_Your objective_
What you return should be each line of the data containing the string "Courtyard".

_Data records_
BEGIN
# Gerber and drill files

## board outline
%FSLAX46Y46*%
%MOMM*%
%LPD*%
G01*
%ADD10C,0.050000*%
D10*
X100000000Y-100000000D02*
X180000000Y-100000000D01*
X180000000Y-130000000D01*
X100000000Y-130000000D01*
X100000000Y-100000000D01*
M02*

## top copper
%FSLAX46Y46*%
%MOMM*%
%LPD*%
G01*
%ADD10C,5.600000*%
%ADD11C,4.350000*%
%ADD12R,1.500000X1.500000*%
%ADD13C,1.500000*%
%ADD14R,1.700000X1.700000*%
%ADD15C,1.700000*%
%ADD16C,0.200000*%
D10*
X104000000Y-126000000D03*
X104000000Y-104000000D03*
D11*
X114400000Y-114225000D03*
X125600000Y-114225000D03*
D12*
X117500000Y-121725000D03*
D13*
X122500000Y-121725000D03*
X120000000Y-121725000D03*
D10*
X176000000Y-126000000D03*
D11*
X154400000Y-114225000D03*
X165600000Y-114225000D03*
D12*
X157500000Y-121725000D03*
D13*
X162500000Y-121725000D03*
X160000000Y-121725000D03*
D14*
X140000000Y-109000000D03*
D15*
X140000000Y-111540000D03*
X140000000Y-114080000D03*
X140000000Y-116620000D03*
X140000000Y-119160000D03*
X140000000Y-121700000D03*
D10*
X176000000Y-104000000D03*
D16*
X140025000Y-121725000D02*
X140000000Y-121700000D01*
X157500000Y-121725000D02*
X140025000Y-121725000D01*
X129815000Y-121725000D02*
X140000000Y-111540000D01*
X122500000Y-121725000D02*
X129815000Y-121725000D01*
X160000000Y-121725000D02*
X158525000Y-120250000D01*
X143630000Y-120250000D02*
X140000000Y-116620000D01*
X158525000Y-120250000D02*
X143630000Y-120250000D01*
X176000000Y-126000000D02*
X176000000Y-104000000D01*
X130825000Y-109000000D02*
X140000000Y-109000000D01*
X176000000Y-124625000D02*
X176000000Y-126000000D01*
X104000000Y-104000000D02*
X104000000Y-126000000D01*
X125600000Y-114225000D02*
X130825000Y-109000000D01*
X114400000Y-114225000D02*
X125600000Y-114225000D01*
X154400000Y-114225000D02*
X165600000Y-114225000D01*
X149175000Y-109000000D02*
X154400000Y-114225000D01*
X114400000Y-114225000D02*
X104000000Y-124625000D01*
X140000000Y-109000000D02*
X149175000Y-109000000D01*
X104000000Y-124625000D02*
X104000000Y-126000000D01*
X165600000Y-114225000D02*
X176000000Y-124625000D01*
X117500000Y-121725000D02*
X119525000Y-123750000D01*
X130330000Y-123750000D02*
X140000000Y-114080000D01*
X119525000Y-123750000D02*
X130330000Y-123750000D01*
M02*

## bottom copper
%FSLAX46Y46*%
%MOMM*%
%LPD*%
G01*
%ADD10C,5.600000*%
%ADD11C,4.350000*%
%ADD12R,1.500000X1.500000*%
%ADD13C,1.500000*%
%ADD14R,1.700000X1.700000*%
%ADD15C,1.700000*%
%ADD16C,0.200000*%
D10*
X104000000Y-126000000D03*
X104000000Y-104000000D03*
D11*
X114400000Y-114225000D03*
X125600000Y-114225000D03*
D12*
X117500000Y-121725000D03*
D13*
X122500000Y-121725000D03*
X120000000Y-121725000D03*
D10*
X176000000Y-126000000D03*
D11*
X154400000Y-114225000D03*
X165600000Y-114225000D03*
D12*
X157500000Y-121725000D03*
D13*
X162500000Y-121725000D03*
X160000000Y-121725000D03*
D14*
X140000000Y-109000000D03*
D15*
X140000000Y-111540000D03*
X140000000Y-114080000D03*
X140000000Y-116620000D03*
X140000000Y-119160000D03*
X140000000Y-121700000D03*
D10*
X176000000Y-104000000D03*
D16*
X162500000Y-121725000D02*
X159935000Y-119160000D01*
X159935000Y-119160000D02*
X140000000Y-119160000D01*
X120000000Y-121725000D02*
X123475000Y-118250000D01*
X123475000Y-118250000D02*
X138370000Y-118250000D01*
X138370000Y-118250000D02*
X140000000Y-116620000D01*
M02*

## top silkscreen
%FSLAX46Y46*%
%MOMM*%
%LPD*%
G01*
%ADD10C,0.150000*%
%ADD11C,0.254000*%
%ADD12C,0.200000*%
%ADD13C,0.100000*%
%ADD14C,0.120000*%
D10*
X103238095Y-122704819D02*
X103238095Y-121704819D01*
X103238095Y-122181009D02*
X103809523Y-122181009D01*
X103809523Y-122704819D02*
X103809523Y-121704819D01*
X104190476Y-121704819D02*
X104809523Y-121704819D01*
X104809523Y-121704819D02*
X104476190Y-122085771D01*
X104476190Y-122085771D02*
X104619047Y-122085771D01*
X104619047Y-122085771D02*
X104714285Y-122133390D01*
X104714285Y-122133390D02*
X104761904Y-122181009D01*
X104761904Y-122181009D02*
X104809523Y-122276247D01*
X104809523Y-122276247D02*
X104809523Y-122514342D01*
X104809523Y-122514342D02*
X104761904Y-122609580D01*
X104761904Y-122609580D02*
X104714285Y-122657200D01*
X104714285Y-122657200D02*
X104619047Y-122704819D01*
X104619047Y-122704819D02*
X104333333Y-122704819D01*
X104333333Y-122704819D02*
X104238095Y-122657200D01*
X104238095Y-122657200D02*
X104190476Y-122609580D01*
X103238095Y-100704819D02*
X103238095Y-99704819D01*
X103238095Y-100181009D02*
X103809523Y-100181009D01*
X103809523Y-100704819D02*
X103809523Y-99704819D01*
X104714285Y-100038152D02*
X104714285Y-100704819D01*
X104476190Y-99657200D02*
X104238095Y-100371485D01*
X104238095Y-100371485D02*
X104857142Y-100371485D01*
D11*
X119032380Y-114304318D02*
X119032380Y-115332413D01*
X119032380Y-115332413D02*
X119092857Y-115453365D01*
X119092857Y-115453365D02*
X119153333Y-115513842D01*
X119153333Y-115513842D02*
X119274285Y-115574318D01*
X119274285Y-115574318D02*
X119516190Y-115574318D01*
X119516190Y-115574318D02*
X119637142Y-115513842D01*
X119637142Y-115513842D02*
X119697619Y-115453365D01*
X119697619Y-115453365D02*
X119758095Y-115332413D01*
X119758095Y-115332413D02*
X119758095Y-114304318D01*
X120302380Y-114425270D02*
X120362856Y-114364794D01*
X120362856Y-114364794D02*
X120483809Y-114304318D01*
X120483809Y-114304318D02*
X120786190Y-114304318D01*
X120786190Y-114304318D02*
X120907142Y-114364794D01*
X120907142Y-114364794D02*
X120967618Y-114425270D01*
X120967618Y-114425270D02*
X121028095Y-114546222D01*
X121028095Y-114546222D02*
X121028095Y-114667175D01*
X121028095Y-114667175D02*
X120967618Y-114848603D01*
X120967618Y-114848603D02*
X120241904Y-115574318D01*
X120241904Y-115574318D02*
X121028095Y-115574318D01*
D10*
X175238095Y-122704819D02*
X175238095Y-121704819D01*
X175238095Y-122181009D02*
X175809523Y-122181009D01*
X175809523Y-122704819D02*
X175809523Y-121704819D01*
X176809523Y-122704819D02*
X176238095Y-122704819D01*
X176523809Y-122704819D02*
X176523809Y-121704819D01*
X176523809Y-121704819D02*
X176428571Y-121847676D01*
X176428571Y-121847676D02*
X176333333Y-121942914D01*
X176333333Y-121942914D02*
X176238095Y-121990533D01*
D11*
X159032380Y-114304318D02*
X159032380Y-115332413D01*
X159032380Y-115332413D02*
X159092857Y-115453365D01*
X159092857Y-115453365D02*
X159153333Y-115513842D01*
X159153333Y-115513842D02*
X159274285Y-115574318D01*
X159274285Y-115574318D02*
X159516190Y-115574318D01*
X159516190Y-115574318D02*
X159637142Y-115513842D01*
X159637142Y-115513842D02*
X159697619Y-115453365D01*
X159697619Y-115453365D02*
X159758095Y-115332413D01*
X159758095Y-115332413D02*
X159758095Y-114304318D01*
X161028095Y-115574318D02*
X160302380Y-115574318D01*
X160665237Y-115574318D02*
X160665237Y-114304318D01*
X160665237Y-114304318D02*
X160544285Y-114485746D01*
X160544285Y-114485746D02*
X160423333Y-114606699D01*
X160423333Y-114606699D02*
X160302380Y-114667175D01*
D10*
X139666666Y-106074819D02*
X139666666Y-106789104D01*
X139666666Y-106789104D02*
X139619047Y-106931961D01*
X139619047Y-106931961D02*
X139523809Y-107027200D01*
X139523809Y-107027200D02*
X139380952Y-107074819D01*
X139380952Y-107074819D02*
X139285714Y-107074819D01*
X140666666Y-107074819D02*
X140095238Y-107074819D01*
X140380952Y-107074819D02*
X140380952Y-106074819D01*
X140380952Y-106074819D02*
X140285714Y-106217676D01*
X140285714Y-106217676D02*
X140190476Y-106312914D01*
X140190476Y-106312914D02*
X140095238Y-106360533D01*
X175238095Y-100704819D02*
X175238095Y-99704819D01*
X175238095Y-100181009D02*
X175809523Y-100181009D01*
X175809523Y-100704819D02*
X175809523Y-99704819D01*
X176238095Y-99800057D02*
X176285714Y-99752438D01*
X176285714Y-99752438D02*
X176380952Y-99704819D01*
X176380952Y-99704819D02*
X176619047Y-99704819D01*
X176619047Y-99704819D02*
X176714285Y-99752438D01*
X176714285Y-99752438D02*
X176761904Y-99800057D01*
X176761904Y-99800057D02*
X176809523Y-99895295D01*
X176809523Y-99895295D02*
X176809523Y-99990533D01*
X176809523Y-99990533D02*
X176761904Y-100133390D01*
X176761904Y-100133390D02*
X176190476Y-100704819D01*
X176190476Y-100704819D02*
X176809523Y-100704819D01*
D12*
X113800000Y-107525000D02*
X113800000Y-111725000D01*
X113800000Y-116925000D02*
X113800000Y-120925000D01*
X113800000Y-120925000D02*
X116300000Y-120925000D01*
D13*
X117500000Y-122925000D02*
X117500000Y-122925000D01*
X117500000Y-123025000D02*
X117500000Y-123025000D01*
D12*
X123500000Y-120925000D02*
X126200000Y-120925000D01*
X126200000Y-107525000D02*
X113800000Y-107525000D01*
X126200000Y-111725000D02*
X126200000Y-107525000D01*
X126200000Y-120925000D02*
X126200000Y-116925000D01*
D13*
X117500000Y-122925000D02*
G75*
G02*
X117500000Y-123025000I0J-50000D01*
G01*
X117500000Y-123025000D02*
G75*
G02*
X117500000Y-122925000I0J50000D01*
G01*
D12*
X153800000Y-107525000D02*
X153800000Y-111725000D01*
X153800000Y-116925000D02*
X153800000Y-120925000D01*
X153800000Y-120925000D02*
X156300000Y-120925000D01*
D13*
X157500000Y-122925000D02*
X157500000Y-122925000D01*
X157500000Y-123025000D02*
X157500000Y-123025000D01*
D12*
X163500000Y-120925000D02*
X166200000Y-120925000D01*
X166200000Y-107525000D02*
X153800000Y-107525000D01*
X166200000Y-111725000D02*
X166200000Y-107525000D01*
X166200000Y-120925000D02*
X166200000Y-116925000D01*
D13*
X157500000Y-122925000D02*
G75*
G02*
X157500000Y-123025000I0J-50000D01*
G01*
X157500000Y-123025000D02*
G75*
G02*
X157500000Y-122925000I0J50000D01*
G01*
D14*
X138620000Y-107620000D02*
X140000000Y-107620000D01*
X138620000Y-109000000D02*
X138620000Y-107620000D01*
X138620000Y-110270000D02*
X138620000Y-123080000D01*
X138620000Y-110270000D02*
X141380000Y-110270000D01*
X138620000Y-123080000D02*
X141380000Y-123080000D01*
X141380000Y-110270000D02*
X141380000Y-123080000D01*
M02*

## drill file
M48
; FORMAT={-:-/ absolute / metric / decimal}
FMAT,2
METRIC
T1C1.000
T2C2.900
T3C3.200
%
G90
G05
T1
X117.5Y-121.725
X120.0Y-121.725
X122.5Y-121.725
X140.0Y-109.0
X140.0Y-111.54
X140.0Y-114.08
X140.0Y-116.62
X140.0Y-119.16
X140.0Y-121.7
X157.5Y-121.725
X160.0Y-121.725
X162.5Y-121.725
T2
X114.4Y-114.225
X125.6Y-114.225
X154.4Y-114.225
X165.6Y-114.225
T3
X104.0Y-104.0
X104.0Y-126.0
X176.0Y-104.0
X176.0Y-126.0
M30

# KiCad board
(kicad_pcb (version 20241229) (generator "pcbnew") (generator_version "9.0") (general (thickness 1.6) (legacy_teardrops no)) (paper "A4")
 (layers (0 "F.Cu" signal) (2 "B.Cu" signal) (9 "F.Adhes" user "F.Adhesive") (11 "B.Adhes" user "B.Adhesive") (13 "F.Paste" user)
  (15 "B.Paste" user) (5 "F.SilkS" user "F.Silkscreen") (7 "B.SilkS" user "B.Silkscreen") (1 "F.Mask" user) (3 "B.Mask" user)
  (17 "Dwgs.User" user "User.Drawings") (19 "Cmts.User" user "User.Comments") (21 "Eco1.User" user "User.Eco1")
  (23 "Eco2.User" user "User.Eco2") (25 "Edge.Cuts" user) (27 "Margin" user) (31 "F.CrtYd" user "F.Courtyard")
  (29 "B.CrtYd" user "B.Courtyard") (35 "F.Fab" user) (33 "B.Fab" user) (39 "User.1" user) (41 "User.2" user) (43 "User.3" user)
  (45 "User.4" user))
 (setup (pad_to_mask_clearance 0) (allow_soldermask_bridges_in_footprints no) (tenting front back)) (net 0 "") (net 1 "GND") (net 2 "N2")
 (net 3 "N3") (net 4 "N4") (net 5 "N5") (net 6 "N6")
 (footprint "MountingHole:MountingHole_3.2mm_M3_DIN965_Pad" (layer "F.Cu") (at 104 126)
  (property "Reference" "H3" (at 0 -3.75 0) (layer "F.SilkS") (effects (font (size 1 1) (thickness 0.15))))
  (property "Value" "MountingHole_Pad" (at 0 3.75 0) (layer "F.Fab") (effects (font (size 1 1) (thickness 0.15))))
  (pad "1" thru_hole circle (at 0 0) (size 5.6 5.6) (drill 3.2) (layers "*.Cu" "*.Mask") (remove_unused_layers no) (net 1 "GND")
   (zone_connect 2)))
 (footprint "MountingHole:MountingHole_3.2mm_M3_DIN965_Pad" (layer "F.Cu") (at 104 104)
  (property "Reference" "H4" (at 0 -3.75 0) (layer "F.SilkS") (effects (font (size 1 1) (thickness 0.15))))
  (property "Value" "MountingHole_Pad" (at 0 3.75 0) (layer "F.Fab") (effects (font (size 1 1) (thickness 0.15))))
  (pad "1" thru_hole circle (at 0 0) (size 5.6 5.6) (drill 3.2) (layers "*.Cu" "*.Mask") (remove_unused_layers no) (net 1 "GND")
   (zone_connect 2)))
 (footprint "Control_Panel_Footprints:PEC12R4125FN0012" (layer "F.Cu") (at 117.5 121.725)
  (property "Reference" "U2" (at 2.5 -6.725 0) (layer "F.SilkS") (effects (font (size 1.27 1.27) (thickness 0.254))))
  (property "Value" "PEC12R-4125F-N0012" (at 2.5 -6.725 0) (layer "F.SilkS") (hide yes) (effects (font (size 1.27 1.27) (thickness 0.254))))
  (fp_line (start -3.7 -14.2) (end -3.7 -10) (stroke (width 0.2) (type solid)) (layer "F.SilkS"))
  (fp_line (start -3.7 -4.8) (end -3.7 -0.8) (stroke (width 0.2) (type solid)) (layer "F.SilkS"))
  (fp_line (start -3.7 -0.8) (end -1.2 -0.8) (stroke (width 0.2) (type solid)) (layer "F.SilkS"))
  (fp_line (start 0 1.2) (end 0 1.2) (stroke (width 0.1) (type solid)) (layer "F.SilkS"))
  (fp_line (start 0 1.3) (end 0 1.3) (stroke (width 0.1) (type solid)) (layer "F.SilkS"))
  (fp_line (start 6 -0.8) (end 8.7 -0.8) (stroke (width 0.2) (type solid)) (layer "F.SilkS"))
  (fp_line (start 8.7 -14.2) (end -3.7 -14.2) (stroke (width 0.2) (type solid)) (layer "F.SilkS"))
  (fp_line (start 8.7 -10) (end 8.7 -14.2) (stroke (width 0.2) (type solid)) (layer "F.SilkS"))
  (fp_line (start 8.7 -0.8) (end 8.7 -4.8) (stroke (width 0.2) (type solid)) (layer "F.SilkS"))
  (fp_arc (start 0 1.2) (mid 0.05 1.25) (end 0 1.3) (stroke (width 0.1) (type solid)) (layer "F.SilkS"))
  (fp_arc (start 0 1.3) (mid -0.05 1.25) (end 0 1.2) (stroke (width 0.1) (type solid)) (layer "F.SilkS"))
  (pad "1" thru_hole circle (at -3.1 -7.5) (size 4.35 4.35) (drill 2.9) (layers "*.Cu" "*.Mask") (remove_unused_layers no) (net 1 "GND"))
END
_Answer_
  (23 "Eco2.User" user "User.Eco2") (25 "Edge.Cuts" user) (27 "Margin" user) (31 "F.CrtYd" user "F.Courtyard")
  (29 "B.CrtYd" user "B.Courtyard") (35 "F.Fab" user) (33 "B.Fab" user) (39 "User.1" user) (41 "User.2" user) (43 "User.3" user)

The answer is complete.